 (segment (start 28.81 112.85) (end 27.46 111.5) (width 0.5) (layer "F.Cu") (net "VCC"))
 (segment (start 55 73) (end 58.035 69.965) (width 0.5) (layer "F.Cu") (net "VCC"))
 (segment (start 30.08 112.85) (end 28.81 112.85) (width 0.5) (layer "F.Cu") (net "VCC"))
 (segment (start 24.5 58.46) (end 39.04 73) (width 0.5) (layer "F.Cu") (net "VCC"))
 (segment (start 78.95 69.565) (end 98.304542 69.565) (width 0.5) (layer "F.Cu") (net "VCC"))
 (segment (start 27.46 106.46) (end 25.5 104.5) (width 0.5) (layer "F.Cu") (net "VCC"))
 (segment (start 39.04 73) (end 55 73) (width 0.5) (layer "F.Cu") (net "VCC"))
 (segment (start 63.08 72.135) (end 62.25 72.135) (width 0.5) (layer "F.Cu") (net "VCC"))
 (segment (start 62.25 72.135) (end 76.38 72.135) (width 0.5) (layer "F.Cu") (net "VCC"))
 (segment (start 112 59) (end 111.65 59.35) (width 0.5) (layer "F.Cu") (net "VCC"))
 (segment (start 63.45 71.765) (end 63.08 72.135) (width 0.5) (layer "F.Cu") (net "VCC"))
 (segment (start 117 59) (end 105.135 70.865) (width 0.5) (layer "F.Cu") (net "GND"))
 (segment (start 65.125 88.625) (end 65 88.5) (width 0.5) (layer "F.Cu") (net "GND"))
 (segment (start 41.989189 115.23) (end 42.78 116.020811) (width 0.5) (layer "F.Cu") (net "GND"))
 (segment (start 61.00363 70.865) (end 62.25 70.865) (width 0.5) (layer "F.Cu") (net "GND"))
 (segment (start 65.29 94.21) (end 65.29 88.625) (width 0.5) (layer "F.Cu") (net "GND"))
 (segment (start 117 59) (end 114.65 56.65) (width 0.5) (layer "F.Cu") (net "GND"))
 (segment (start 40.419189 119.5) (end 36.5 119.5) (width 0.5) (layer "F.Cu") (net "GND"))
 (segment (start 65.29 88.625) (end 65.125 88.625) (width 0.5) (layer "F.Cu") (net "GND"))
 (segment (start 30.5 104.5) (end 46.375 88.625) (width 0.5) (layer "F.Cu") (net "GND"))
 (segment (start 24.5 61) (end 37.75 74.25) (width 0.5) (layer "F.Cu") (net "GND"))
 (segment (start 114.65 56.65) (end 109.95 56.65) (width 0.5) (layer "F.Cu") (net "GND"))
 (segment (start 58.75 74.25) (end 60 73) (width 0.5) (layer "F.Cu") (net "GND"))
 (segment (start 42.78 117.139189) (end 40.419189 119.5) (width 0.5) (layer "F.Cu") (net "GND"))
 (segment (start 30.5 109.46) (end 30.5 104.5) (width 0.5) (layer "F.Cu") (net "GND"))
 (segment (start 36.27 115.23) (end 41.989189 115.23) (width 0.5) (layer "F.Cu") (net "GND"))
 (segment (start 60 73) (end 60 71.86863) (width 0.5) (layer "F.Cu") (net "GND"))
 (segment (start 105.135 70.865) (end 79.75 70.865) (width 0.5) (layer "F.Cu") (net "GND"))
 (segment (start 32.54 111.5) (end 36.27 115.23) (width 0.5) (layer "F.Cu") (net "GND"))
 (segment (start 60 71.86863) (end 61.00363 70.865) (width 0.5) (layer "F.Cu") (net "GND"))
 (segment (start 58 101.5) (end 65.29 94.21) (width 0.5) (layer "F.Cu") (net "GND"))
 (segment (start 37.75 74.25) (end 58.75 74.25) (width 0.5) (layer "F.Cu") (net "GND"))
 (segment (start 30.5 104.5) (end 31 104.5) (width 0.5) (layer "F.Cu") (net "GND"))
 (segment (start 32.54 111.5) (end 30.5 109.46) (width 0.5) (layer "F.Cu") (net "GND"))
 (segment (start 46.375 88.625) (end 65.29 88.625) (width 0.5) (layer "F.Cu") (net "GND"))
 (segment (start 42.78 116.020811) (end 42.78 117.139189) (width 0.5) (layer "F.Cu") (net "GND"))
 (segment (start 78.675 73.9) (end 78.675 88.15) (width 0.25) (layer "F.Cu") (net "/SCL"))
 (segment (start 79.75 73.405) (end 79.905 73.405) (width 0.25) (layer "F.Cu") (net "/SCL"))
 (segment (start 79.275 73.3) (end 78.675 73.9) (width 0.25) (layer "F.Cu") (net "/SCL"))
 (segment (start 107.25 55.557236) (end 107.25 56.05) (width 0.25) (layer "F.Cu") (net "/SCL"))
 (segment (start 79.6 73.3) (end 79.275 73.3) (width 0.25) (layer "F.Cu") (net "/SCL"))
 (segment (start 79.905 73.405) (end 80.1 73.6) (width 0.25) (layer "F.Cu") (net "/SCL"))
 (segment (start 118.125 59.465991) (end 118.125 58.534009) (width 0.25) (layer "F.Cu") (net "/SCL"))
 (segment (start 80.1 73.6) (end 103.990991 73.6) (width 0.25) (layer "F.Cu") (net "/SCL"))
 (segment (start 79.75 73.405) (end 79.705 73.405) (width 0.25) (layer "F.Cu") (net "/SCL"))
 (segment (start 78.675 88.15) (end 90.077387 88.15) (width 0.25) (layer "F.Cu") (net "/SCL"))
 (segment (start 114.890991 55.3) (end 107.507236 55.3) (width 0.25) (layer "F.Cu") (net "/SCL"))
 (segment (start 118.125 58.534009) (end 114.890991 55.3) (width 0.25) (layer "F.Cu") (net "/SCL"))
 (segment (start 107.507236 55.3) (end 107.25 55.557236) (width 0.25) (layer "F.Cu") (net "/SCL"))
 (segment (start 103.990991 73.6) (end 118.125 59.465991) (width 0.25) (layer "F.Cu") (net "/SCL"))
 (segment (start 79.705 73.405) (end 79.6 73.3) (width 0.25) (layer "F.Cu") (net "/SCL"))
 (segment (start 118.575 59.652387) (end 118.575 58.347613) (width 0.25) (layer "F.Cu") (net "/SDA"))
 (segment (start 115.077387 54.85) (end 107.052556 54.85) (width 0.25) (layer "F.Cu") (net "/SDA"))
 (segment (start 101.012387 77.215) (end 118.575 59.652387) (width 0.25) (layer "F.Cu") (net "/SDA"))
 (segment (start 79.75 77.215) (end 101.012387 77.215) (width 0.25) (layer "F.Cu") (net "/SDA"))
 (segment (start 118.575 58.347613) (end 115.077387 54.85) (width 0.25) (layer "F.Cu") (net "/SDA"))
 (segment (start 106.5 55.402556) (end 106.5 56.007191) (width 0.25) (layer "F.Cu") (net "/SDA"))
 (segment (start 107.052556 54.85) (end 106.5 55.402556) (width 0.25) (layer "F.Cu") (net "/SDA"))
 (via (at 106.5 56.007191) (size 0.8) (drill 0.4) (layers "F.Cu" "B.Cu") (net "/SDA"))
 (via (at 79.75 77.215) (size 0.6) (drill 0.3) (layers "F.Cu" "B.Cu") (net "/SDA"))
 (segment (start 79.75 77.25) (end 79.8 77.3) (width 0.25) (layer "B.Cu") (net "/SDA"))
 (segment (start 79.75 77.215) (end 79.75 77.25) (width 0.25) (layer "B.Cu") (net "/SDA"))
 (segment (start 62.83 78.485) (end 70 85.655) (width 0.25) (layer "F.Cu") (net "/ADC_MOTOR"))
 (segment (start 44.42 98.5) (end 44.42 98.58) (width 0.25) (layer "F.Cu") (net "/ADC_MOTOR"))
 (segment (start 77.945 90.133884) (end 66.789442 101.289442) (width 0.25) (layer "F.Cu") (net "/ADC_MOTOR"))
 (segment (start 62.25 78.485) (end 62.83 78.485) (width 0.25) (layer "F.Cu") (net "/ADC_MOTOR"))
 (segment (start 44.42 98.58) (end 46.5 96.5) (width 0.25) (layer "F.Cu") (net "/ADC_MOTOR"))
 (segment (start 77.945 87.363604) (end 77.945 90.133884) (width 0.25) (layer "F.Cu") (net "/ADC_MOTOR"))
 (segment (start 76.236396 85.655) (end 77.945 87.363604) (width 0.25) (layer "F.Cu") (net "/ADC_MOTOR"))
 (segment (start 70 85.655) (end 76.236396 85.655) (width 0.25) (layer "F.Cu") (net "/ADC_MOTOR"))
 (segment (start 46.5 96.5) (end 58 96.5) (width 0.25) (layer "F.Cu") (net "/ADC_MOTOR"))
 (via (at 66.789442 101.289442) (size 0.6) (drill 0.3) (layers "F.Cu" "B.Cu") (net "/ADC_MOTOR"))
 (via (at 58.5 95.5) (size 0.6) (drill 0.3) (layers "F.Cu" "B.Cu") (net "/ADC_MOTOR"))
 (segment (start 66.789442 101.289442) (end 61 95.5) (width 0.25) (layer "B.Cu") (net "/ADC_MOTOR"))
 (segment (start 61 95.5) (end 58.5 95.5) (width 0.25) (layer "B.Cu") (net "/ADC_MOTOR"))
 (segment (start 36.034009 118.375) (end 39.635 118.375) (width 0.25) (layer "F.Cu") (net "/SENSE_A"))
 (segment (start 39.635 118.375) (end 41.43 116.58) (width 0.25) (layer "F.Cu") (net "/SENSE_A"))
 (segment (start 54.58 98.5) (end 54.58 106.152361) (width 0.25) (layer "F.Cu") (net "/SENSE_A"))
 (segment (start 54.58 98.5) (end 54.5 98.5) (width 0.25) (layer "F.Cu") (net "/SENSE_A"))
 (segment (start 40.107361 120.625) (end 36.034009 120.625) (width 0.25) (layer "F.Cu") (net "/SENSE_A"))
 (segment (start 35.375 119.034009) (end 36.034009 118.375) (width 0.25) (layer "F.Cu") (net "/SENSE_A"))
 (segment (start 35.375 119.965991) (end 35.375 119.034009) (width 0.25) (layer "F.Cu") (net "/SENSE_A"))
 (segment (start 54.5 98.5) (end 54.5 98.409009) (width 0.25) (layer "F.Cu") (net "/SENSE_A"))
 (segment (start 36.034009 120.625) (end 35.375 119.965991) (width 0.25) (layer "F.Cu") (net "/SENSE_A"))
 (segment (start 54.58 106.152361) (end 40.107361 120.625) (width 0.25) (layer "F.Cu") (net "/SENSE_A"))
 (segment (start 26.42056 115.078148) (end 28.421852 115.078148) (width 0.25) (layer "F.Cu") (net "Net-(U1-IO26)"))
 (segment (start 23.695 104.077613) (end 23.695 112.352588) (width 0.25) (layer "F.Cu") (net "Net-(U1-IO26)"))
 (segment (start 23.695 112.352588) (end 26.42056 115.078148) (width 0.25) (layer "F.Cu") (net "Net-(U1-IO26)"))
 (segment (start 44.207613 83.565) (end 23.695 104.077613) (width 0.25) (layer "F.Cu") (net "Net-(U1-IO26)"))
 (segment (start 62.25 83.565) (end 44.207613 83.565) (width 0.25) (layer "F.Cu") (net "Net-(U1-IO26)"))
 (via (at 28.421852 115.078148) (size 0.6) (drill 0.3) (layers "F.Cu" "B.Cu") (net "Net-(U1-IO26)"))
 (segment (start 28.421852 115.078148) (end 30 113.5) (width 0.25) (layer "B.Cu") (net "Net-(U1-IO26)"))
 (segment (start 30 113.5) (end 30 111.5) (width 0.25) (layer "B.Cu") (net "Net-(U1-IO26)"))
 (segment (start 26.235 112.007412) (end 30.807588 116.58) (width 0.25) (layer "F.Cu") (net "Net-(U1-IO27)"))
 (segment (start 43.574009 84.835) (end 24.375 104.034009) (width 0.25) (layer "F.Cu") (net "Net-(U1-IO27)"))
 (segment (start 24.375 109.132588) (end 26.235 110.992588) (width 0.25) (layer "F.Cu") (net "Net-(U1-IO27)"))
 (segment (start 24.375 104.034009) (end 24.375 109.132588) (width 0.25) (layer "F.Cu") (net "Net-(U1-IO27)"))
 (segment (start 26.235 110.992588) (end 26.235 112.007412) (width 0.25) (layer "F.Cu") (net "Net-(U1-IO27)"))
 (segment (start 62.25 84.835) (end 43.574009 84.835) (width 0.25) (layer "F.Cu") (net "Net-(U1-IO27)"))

================================

### WHAT IS EXPECTED
From the listing above, return the lines starting at the one with "(segment (start 79.75 73.405) (end 79.905" and ending at the one with "(segment (start 79.6", both kept, exactly as they appear and nothing more.

### ANSWER
 (segment (start 79.75 73.405) (end 79.905 73.405) (width 0.25) (layer "F.Cu") (net "/SCL"))
 (segment (start 79.275 73.3) (end 78.675 73.9) (width 0.25) (layer "F.Cu") (net "/SCL"))
 (segment (start 107.25 55.557236) (end 107.25 56.05) (width 0.25) (layer "F.Cu") (net "/SCL"))
 (segment (start 79.6 73.3) (end 79.275 73.3) (width 0.25) (layer "F.Cu") (net "/SCL"))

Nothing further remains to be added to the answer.